Kayhan published the piece written by Iranian analyst Sadollah Zarei, who argued Iran's previous responses to suspected Israeli airstrikes that killed Revolutionary Guard forces in Syria did not go far enough to deter Israel. 

He said an assault on Haifa also needed to be greater than Iran's ballistic missile attack against American troops in Iraq following the U.S. drone strike in Baghdad that killed a top Iranian general in January.

Striking the Israeli city of Haifa and killing a large number of people 'will definitely lead to deterrence, because the United States and the Israeli regime and its agents are by no means ready to take part in a war and a military confrontation,' Zarei wrote.
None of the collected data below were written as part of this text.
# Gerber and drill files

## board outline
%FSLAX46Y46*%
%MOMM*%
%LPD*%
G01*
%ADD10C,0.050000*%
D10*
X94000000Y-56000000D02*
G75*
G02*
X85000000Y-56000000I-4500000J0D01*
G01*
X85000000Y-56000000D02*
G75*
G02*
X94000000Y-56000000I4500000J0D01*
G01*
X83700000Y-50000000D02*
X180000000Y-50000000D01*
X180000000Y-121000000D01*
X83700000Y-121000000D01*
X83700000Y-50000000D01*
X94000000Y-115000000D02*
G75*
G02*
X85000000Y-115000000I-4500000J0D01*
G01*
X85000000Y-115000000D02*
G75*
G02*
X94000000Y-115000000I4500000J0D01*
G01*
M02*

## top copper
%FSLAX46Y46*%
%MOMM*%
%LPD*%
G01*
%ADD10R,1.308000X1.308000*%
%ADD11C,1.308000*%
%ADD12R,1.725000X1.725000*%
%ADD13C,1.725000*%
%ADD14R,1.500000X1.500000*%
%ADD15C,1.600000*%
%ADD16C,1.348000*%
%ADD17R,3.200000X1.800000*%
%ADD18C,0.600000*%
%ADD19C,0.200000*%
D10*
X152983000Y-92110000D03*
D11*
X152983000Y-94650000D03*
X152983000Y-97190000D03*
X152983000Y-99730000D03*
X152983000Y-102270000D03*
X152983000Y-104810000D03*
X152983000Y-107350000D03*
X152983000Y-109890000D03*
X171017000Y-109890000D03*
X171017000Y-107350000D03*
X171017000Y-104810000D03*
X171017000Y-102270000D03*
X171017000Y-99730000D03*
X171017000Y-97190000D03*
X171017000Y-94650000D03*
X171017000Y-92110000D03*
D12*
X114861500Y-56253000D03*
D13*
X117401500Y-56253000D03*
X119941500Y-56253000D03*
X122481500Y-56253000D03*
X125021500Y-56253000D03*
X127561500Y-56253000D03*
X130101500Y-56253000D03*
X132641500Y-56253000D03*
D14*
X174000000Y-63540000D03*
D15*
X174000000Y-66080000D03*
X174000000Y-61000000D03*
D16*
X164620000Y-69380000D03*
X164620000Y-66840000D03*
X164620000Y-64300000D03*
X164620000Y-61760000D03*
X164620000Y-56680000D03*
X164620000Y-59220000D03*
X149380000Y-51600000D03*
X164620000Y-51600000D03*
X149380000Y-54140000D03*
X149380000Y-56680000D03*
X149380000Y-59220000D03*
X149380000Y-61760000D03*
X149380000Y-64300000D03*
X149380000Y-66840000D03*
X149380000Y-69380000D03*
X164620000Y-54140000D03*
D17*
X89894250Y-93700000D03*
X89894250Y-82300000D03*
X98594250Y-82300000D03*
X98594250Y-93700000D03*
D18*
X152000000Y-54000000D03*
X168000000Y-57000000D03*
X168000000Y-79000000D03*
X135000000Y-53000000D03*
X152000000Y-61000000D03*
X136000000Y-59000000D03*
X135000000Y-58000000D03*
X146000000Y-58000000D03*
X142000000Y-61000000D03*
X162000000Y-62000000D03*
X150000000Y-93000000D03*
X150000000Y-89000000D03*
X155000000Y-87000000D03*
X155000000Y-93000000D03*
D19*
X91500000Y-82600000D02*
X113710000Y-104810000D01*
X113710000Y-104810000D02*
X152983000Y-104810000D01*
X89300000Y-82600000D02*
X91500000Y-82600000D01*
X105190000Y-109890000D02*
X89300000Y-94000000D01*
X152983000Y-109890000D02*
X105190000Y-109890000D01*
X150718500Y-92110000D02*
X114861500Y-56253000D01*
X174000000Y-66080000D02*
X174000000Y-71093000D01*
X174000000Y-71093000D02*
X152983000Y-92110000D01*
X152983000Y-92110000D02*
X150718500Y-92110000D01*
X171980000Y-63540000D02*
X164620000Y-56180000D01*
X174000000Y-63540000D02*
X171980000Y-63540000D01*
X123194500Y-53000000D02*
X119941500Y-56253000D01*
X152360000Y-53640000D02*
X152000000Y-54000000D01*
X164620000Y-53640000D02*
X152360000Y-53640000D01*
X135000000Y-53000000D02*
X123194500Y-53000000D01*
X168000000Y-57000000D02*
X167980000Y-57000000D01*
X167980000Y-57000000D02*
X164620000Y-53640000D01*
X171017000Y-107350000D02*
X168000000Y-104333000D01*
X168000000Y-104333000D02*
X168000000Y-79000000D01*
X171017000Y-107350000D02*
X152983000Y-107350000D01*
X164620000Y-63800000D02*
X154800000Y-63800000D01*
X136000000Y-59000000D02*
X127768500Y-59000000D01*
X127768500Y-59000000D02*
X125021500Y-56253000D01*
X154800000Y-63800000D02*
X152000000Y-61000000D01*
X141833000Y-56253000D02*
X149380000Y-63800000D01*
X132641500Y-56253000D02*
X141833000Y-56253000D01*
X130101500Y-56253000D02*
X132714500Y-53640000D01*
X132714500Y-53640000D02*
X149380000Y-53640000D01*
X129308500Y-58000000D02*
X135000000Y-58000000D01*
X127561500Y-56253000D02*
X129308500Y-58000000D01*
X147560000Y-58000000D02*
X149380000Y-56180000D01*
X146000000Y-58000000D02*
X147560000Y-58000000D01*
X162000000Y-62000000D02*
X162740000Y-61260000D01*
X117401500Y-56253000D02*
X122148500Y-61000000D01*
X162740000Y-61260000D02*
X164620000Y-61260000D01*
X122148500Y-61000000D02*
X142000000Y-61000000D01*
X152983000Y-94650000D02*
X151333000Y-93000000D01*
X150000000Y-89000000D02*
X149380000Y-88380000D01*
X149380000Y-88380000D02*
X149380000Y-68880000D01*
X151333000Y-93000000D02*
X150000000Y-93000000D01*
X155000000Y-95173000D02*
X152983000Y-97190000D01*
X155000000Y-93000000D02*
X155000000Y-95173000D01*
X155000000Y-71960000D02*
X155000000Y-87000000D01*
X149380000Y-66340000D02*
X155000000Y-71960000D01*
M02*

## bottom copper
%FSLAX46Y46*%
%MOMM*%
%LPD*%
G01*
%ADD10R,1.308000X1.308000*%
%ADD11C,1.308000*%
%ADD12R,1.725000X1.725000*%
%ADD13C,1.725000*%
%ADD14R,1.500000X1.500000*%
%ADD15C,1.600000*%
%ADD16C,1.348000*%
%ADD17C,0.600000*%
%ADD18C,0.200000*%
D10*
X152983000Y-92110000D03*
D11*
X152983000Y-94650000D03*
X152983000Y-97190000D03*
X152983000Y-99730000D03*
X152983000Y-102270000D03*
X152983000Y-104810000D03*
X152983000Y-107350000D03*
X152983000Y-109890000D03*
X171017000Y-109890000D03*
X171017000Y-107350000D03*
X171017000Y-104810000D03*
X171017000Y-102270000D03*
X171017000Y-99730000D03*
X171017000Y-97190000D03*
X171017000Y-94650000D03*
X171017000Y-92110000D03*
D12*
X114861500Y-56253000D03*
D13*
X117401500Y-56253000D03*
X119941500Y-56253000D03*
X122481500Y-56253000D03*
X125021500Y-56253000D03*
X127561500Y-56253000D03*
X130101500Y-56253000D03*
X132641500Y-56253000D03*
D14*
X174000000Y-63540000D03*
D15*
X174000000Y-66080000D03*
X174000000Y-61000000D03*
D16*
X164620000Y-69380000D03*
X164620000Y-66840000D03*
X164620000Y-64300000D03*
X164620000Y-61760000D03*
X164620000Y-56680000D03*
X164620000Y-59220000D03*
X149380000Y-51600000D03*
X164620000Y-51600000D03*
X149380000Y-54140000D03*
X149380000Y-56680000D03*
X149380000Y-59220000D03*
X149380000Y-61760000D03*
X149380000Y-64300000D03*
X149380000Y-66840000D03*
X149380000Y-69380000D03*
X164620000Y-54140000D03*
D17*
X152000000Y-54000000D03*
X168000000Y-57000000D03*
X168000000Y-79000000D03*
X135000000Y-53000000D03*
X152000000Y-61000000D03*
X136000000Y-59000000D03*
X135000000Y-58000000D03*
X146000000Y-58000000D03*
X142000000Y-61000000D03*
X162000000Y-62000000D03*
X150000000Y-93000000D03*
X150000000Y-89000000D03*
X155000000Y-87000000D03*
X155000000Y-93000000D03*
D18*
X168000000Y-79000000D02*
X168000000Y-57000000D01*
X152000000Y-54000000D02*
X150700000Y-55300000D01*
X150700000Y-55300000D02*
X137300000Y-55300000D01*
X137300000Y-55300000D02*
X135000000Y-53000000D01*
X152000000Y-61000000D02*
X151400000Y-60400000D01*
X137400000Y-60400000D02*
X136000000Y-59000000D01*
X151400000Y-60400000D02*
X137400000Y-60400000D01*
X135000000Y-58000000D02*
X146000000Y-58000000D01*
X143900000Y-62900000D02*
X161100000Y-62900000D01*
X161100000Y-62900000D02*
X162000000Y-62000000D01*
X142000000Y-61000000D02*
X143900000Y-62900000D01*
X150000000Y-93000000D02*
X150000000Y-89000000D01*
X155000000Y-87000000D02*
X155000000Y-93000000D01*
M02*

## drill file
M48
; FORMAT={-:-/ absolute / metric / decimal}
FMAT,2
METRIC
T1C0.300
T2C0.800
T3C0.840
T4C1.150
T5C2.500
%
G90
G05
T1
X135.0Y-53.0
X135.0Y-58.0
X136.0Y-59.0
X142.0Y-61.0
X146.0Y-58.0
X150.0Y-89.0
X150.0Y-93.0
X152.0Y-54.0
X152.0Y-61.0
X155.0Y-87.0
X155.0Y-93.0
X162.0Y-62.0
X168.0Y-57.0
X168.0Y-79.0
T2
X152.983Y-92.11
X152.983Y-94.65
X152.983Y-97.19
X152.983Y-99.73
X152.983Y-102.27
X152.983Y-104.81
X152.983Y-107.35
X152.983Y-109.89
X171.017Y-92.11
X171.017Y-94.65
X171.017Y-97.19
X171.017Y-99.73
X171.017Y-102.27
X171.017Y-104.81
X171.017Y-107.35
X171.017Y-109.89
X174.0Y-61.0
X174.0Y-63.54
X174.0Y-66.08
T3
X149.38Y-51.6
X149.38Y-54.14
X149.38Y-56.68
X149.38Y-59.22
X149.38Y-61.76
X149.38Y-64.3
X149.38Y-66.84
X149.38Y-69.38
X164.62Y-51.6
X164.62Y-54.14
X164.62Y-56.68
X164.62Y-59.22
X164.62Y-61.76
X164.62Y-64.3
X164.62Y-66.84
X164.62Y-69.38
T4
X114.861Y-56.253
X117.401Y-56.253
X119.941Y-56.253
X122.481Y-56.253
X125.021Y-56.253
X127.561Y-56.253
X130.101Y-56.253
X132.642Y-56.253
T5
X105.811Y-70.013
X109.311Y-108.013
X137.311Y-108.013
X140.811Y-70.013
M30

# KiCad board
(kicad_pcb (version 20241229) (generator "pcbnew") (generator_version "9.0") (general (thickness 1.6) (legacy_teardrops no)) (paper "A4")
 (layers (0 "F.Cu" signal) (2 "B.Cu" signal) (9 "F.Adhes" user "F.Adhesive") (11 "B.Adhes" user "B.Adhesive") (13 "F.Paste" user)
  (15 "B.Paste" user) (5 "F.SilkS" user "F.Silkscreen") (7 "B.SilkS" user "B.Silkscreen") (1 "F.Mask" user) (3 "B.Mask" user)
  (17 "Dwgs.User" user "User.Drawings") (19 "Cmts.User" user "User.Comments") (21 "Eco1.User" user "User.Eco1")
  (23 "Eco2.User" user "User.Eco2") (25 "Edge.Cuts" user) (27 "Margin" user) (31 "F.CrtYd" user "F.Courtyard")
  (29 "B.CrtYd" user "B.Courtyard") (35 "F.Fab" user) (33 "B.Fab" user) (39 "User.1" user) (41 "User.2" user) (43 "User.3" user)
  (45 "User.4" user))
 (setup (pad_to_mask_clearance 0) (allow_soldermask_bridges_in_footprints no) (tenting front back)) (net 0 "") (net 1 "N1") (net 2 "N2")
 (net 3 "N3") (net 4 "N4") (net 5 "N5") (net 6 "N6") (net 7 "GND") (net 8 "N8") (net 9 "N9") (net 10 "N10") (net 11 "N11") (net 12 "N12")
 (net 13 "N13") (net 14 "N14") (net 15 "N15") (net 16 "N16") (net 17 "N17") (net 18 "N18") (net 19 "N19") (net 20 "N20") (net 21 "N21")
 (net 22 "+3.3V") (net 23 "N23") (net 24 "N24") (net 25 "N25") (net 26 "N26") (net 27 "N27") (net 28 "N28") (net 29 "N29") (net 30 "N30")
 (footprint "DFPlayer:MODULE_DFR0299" (layer "F.Cu") (at 162 101)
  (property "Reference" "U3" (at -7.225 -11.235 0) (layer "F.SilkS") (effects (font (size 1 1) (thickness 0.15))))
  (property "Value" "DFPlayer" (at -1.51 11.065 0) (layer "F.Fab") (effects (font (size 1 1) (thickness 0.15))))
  (pad "1" thru_hole rect (at -9.017 -8.89) (size 1.308 1.308) (drill 0.8) (layers "*.Cu" "*.Mask") (remove_unused_layers no) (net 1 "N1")
   (solder_mask_margin 0.102))
  (pad "2" thru_hole circle (at -9.017 -6.35) (size 1.308 1.308) (drill 0.8) (layers "*.Cu" "*.Mask") (remove_unused_layers no) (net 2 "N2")
   (solder_mask_margin 0.102))
  (pad "3" thru_hole circle (at -9.017 -3.81) (size 1.308 1.308) (drill 0.8) (layers "*.Cu" "*.Mask") (remove_unused_layers no) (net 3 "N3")
   (solder_mask_margin 0.102))
  (pad "4" thru_hole circle (at -9.017 -1.27) (size 1.308 1.308) (drill 0.8) (layers "*.Cu" "*.Mask") (remove_unused_layers no) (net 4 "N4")
   (solder_mask_margin 0.102))
  (pad "5" thru_hole circle (at -9.017 1.27) (size 1.308 1.308) (drill 0.8) (layers "*.Cu" "*.Mask") (remove_unused_layers no) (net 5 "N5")
   (solder_mask_margin 0.102))
  (pad "6" thru_hole circle (at -9.017 3.81) (size 1.308 1.308) (drill 0.8) (layers "*.Cu" "*.Mask") (remove_unused_layers no) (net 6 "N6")
   (solder_mask_margin 0.102))
  (pad "7" thru_hole circle (at -9.017 6.35) (size 1.308 1.308) (drill 0.8) (layers "*.Cu" "*.Mask") (remove_unused_layers no) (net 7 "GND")
   (solder_mask_margin 0.102))
  (pad "8" thru_hole circle (at -9.017 8.89) (size 1.308 1.308) (drill 0.8) (layers "*.Cu" "*.Mask") (remove_unused_layers no) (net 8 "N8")
   (solder_mask_margin 0.102))
  (pad "9" thru_hole circle (at 9.017 8.89) (size 1.308 1.308) (drill 0.8) (layers "*.Cu" "*.Mask") (remove_unused_layers no) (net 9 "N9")
   (solder_mask_margin 0.102))
  (pad "10" thru_hole circle (at 9.017 6.35) (size 1.308 1.308) (drill 0.8) (layers "*.Cu" "*.Mask") (remove_unused_layers no) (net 7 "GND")
   (solder_mask_margin 0.102))
  (pad "11" thru_hole circle (at 9.017 3.81) (size 1.308 1.308) (drill 0.8) (layers "*.Cu" "*.Mask") (remove_unused_layers no)
   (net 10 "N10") (solder_mask_margin 0.102))
  (pad "12" thru_hole circle (at 9.017 1.27) (size 1.308 1.308) (drill 0.8) (layers "*.Cu" "*.Mask") (remove_unused_layers no)
   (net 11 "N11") (solder_mask_margin 0.102))
  (pad "13" thru_hole circle (at 9.017 -1.27) (size 1.308 1.308) (drill 0.8) (layers "*.Cu" "*.Mask") (remove_unused_layers no)
   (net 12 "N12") (solder_mask_margin 0.102))
  (pad "14" thru_hole circle (at 9.017 -3.81) (size 1.308 1.308) (drill 0.8) (layers "*.Cu" "*.Mask") (remove_unused_layers no)
   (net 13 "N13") (solder_mask_margin 0.102))
  (pad "15" thru_hole circle (at 9.017 -6.35) (size 1.308 1.308) (drill 0.8) (layers "*.Cu" "*.Mask") (remove_unused_layers no)
   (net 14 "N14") (solder_mask_margin 0.102))
  (pad "16" thru_hole circle (at 9.017 -8.89) (size 1.308 1.308) (drill 0.8) (layers "*.Cu" "*.Mask") (remove_unused_layers no)
   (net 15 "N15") (solder_mask_margin 0.102)))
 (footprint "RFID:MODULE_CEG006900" (layer "F.Cu") (at 123.3115 84.013)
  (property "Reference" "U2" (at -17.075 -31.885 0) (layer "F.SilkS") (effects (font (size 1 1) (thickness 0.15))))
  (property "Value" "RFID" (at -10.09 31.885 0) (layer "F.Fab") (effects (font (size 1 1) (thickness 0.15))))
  (pad "" np_thru_hole circle (at -17.5 -14) (size 2.5 2.5) (drill 2.5) (layers "*.Cu" "*.Mask"))
  (pad "" np_thru_hole circle (at -14 24) (size 2.5 2.5) (drill 2.5) (layers "*.Cu" "*.Mask"))
  (pad "" np_thru_hole circle (at 14 24) (size 2.5 2.5) (drill 2.5) (layers "*.Cu" "*.Mask"))
  (pad "" np_thru_hole circle (at 17.5 -14) (size 2.5 2.5) (drill 2.5) (layers "*.Cu" "*.Mask"))
  (pad "1" thru_hole rect (at -8.45 -27.76) (size 1.725 1.725) (drill 1.15) (layers "*.Cu" "*.Mask") (remove_unused_layers no) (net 1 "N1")
   (solder_mask_margin 0.102))
  (pad "2" thru_hole circle (at -5.91 -27.76) (size 1.725 1.725) (drill 1.15) (layers "*.Cu" "*.Mask") (remove_unused_layers no)
   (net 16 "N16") (solder_mask_margin 0.102))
While Kayhan is a small circulation newspaper, its editor-in-chief Hossein Shariatmadari was appointed by Supreme Leader Ayatollah Ali Khamenei and has been described as an adviser to him in the past.

Haifa, on the Mediterranean Sea, has been threatened in the past by both Iran and one of its proxies, the Lebanese militant group Hezbollah. 

Haifa, Israel's third-largest city, is home to a major port and power plant.

Such a strike likely would draw an immediate Israeli retaliation and spark a wider conflict across the Mideast. 

While Iran has never directly targeted an Israeli city militarily, it has conducted attacks targeting Israeli interests abroad in the past over the killing of its scientists.  

Israel also is widely believed to have its own nuclear weapons, a stockpile it neither confirms nor denies possessing.

Israeli officials remained silent about the scientist's death on Sunday. But Lt. Gen Aviv Kohavi, commander of the Israeli military, traveled to northern Israel for what the army said was a routine visit with commanders along the front with Syria. 

Earlier this month, Israeli warplanes struck Iranian-linked targets in Syria after Israel uncovered roadside bombs that it said were planted with Iranian guidance.

'I came here to evaluate the current state of security, with an emphasis on the Iranian entrenchment in Syria,' Kohavi said. 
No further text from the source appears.